§ **What is being asked**
The answer must be an exact copy of the lines from the one holding "X86910000Y-65870000D02*" through the final line of the entries, and nothing else.

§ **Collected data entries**
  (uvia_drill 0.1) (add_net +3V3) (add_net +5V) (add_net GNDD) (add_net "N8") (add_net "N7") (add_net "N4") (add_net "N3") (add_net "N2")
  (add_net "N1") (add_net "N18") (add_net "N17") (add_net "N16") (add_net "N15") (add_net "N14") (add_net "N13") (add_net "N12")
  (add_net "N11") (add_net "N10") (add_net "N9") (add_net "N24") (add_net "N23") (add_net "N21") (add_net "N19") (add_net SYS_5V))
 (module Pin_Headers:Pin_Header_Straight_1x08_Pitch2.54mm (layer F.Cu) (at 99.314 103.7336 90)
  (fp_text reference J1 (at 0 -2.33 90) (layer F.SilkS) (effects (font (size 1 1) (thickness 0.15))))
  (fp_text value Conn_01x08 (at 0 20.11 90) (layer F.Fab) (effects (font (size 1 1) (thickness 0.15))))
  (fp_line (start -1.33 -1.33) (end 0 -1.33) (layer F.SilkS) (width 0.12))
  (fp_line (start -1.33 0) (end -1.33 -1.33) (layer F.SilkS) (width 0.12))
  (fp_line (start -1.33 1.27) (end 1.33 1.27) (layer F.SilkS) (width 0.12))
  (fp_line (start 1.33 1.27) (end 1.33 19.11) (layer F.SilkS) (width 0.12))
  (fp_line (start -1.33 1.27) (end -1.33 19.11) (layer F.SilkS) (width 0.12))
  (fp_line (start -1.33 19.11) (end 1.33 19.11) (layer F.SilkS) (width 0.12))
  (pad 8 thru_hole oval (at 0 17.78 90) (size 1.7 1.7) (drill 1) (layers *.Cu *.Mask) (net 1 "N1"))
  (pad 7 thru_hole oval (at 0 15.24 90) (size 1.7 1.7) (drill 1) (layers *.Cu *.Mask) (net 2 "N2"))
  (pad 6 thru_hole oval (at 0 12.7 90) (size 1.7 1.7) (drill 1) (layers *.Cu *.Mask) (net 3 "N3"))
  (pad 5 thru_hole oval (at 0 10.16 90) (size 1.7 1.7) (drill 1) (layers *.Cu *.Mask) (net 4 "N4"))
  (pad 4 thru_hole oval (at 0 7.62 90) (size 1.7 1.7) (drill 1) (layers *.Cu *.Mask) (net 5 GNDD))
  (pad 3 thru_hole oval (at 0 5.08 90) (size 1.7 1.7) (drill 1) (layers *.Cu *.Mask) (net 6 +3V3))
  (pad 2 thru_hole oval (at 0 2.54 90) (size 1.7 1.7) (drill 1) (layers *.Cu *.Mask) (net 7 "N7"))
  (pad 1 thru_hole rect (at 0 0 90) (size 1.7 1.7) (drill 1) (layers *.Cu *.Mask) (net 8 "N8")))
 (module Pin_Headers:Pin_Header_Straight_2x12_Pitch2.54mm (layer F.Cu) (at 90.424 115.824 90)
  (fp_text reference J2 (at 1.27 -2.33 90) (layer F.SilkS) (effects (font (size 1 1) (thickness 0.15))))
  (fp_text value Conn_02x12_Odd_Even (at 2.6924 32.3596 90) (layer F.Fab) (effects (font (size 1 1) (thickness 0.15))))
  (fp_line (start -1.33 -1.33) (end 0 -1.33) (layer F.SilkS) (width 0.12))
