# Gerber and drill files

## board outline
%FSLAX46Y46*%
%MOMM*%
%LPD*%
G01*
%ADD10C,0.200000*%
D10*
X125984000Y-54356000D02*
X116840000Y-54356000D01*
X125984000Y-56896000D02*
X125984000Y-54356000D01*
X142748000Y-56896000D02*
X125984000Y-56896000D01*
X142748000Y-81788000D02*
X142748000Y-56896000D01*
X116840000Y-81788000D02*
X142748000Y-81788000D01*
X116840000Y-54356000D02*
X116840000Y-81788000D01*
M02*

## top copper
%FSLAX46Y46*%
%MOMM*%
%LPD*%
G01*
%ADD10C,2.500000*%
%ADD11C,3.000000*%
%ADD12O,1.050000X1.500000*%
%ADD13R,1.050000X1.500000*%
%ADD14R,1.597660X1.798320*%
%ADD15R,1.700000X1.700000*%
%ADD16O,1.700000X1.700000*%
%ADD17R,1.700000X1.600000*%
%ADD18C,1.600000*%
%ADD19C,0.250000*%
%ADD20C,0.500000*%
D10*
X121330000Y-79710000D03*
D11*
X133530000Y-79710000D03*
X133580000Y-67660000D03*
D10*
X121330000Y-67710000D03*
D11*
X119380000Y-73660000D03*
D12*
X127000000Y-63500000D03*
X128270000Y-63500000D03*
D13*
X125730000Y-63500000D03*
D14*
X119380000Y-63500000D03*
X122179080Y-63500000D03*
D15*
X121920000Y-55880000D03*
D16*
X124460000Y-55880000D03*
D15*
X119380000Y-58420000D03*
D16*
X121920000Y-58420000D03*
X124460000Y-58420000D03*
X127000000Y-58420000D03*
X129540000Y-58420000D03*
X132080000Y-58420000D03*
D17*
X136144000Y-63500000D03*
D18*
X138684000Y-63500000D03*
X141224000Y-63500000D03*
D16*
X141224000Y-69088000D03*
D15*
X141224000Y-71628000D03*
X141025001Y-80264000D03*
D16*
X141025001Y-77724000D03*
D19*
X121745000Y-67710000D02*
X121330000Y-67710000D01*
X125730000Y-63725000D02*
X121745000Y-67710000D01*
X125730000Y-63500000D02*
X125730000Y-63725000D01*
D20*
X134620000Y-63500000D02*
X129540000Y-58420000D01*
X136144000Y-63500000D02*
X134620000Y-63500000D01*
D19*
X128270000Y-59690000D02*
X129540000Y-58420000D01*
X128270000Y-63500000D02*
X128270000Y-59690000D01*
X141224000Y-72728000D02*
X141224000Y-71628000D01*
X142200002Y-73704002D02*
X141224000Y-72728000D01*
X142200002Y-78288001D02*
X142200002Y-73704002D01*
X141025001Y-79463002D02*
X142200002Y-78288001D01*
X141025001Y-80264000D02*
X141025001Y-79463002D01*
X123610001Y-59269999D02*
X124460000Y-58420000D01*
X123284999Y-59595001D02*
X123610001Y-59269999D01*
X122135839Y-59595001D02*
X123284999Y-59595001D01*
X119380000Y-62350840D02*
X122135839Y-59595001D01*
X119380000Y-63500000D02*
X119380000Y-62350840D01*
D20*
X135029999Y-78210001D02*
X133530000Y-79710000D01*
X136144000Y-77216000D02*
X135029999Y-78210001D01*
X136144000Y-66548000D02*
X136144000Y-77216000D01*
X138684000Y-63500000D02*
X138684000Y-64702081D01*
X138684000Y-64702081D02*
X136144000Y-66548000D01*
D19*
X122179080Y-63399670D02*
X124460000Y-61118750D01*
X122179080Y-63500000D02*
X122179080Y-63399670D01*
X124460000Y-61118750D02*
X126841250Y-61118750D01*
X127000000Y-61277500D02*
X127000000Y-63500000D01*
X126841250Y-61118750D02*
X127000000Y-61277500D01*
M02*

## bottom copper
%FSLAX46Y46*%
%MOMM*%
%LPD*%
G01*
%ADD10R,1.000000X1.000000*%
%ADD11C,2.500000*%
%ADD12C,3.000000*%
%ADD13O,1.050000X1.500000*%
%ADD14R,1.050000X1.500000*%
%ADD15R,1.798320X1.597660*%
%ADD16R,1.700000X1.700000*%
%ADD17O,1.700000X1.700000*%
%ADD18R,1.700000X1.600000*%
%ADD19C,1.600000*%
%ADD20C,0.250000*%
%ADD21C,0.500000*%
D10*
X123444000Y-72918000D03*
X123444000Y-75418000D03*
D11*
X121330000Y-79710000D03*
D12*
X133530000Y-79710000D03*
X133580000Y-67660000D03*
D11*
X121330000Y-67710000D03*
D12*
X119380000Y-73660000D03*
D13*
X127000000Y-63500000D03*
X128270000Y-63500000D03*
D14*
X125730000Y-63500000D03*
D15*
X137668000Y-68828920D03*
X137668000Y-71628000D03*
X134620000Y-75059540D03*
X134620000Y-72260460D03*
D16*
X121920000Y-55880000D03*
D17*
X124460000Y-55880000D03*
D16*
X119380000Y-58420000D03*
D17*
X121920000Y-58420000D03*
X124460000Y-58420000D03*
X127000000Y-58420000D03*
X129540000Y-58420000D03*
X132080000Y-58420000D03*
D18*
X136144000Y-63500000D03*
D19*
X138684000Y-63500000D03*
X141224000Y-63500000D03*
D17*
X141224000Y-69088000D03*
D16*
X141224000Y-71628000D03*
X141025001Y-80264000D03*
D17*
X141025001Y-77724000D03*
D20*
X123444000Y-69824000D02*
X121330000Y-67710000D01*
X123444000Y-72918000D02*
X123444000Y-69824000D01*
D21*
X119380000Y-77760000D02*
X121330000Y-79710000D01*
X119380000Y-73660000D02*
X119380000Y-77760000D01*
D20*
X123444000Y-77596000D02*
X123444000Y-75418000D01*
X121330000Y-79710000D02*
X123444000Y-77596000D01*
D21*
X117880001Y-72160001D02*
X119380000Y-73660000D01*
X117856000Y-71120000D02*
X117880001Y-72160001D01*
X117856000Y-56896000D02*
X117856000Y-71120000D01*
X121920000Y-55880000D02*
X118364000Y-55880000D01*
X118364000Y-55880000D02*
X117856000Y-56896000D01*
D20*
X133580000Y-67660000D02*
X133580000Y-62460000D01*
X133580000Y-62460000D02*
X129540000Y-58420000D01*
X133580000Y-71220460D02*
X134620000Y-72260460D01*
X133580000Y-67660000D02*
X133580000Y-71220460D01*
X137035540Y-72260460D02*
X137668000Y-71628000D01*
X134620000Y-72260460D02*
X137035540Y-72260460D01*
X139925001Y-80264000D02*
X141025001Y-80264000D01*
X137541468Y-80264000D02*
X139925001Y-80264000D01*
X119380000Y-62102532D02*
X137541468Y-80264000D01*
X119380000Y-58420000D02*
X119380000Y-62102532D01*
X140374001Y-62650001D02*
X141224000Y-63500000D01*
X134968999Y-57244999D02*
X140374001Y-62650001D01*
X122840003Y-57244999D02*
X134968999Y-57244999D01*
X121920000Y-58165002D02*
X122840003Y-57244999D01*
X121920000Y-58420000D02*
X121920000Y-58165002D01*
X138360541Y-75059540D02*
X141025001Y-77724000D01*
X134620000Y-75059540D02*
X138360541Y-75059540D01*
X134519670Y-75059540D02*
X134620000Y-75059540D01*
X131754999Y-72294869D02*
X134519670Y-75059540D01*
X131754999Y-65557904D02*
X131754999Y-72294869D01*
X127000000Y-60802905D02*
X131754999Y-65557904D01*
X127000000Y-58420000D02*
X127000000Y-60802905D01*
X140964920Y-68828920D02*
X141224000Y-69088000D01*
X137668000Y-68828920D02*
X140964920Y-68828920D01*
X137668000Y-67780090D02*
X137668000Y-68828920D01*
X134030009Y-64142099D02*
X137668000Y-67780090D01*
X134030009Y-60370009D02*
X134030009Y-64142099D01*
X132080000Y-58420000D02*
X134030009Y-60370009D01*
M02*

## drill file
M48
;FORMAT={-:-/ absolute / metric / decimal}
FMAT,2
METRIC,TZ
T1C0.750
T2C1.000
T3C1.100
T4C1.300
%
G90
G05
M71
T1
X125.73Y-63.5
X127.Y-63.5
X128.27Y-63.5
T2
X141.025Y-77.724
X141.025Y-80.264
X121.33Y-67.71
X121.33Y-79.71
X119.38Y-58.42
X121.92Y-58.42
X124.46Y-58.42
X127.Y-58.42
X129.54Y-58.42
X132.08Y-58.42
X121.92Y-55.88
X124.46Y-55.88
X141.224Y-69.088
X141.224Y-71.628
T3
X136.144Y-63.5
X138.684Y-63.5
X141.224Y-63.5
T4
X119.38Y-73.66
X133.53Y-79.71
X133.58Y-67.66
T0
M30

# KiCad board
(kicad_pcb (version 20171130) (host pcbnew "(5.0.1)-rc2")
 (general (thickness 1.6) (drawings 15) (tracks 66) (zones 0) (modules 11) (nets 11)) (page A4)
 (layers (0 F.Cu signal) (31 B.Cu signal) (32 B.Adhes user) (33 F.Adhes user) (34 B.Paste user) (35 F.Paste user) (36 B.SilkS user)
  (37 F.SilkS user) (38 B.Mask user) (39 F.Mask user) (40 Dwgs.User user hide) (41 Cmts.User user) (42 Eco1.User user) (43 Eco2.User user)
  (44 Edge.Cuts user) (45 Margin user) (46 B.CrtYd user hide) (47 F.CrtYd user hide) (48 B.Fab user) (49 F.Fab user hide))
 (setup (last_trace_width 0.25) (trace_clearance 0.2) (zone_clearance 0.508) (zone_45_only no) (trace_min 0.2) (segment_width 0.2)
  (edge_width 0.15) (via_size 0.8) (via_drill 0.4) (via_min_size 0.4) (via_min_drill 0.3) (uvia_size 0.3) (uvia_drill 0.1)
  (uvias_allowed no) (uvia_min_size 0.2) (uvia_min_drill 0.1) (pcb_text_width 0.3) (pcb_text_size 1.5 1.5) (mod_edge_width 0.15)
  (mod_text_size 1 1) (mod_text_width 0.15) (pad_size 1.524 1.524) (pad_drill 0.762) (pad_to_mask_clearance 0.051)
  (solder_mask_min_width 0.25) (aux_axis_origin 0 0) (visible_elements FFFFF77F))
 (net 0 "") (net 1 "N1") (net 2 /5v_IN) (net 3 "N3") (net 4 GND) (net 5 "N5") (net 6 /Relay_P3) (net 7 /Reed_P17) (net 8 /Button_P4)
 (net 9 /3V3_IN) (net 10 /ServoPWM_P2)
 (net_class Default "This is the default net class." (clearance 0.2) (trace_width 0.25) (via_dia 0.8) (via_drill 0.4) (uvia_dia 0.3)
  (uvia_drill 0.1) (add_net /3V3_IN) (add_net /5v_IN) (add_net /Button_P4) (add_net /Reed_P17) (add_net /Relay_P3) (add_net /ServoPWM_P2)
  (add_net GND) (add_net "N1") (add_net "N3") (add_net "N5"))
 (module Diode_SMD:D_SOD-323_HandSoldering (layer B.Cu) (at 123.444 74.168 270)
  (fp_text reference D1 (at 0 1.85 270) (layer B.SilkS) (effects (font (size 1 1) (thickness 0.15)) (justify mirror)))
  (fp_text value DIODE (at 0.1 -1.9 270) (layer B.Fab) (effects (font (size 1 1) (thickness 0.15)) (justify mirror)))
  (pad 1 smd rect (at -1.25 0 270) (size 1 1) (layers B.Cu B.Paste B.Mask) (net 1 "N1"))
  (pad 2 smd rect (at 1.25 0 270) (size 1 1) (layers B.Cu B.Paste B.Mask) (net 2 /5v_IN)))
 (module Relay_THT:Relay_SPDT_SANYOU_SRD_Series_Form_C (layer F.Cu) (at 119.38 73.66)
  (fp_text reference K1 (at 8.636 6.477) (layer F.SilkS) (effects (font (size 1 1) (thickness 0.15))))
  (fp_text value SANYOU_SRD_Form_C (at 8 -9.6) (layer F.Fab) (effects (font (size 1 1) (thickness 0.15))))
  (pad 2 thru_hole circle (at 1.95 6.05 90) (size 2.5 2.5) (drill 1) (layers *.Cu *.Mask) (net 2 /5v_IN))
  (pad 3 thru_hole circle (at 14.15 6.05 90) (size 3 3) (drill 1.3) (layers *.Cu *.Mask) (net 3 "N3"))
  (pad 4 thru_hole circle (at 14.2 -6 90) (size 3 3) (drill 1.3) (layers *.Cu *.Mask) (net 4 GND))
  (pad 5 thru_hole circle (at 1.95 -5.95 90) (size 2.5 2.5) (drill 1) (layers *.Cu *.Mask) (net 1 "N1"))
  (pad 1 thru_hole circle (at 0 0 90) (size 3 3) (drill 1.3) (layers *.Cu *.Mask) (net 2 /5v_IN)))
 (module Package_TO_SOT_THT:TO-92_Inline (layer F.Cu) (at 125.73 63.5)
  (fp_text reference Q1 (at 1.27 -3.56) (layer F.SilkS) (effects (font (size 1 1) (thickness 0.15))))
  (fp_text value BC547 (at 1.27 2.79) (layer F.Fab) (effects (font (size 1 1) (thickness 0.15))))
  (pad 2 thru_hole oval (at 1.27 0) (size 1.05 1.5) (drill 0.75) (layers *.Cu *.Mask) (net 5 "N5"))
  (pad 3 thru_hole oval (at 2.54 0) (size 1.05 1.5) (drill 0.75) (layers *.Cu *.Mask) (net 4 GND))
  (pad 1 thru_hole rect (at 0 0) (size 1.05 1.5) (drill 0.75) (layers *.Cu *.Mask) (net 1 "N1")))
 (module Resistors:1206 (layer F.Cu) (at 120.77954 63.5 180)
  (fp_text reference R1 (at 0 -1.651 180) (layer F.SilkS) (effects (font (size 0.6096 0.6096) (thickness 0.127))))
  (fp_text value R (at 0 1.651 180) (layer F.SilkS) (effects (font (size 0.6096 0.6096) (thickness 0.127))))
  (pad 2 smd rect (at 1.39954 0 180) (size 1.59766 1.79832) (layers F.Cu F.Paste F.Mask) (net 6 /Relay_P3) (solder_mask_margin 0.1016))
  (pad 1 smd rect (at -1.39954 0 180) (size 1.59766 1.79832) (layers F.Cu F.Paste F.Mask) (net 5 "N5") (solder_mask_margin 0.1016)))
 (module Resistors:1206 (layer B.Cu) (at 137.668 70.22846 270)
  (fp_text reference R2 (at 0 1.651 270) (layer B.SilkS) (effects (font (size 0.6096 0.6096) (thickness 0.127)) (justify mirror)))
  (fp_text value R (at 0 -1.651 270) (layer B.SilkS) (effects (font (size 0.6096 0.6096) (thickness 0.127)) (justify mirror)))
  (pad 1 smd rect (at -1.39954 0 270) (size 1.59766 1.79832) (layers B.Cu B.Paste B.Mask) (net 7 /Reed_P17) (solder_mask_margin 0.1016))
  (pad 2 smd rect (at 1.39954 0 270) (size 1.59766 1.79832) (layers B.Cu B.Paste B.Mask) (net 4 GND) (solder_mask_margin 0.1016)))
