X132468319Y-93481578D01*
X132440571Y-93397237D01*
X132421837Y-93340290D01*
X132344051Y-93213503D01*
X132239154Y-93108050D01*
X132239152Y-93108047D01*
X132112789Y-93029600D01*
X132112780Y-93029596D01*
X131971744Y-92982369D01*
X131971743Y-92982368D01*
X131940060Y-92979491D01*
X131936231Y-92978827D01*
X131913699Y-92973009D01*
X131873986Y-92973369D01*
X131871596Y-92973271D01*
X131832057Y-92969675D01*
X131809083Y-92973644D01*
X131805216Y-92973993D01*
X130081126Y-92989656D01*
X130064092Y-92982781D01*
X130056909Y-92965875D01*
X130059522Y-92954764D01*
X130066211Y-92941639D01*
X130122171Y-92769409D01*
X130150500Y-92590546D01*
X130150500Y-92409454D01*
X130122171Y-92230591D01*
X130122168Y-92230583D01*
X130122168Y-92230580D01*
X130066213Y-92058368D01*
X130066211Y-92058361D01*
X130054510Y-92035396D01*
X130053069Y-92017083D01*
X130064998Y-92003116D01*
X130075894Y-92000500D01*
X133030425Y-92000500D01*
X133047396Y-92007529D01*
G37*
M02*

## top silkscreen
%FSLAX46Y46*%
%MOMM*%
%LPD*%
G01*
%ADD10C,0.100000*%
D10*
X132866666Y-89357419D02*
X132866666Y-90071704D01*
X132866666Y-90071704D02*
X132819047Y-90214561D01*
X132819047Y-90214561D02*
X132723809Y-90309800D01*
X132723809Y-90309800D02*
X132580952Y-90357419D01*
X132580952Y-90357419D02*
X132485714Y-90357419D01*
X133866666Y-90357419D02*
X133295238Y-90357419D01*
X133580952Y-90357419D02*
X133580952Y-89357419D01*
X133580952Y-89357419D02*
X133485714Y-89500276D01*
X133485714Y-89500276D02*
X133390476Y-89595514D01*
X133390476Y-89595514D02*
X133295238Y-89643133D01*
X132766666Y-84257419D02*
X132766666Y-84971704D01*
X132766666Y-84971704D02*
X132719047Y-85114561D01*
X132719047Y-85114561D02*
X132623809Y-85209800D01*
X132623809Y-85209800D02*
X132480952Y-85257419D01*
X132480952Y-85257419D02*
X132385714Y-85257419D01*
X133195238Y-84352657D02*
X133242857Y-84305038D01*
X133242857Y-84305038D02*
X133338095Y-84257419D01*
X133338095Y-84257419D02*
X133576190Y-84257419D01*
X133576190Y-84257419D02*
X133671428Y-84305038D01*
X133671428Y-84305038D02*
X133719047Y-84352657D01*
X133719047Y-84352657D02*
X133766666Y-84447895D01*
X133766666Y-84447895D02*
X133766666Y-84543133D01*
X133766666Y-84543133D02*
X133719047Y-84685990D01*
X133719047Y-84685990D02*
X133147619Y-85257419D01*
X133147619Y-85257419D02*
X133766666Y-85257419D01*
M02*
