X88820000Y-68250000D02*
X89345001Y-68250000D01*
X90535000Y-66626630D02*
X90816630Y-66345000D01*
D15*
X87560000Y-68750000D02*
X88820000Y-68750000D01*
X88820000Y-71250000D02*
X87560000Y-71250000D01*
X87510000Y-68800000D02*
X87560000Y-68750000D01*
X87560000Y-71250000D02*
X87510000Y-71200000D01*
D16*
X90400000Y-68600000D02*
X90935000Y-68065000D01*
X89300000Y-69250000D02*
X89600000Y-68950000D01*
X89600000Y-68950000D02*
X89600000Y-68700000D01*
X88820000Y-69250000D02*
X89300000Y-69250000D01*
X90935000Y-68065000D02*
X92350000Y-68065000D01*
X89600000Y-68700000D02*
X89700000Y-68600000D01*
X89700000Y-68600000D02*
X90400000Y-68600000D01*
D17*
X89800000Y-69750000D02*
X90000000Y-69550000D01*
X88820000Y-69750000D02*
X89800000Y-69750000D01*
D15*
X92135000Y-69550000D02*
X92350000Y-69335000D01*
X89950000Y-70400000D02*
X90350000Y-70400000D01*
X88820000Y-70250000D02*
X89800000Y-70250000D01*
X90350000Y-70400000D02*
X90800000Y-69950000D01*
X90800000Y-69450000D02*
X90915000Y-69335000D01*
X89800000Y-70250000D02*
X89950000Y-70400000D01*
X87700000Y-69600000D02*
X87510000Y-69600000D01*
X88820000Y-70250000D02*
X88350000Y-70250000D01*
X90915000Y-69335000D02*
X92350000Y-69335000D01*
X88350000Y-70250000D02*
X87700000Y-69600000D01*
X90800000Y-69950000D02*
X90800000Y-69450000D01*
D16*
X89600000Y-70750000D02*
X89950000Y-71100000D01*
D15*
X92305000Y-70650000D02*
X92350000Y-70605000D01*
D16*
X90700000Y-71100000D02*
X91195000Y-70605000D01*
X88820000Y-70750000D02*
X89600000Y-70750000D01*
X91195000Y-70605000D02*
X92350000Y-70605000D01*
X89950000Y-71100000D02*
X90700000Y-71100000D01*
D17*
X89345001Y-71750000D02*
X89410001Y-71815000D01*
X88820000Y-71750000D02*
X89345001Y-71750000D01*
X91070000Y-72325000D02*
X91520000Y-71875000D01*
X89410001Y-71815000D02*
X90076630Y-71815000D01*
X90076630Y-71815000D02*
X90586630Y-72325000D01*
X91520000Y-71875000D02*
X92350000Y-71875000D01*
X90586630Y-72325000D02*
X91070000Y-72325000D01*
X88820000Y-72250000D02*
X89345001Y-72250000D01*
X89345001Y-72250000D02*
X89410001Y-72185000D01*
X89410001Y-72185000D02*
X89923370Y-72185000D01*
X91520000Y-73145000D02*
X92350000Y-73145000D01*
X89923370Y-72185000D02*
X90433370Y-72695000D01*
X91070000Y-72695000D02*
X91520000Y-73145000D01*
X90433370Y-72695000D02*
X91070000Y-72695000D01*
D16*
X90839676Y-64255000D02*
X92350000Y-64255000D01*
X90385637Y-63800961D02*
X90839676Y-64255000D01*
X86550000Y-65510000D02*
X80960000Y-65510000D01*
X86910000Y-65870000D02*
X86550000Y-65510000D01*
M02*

§ **Task result**
X86910000Y-65870000D02*
X86550000Y-65510000D01*
M02*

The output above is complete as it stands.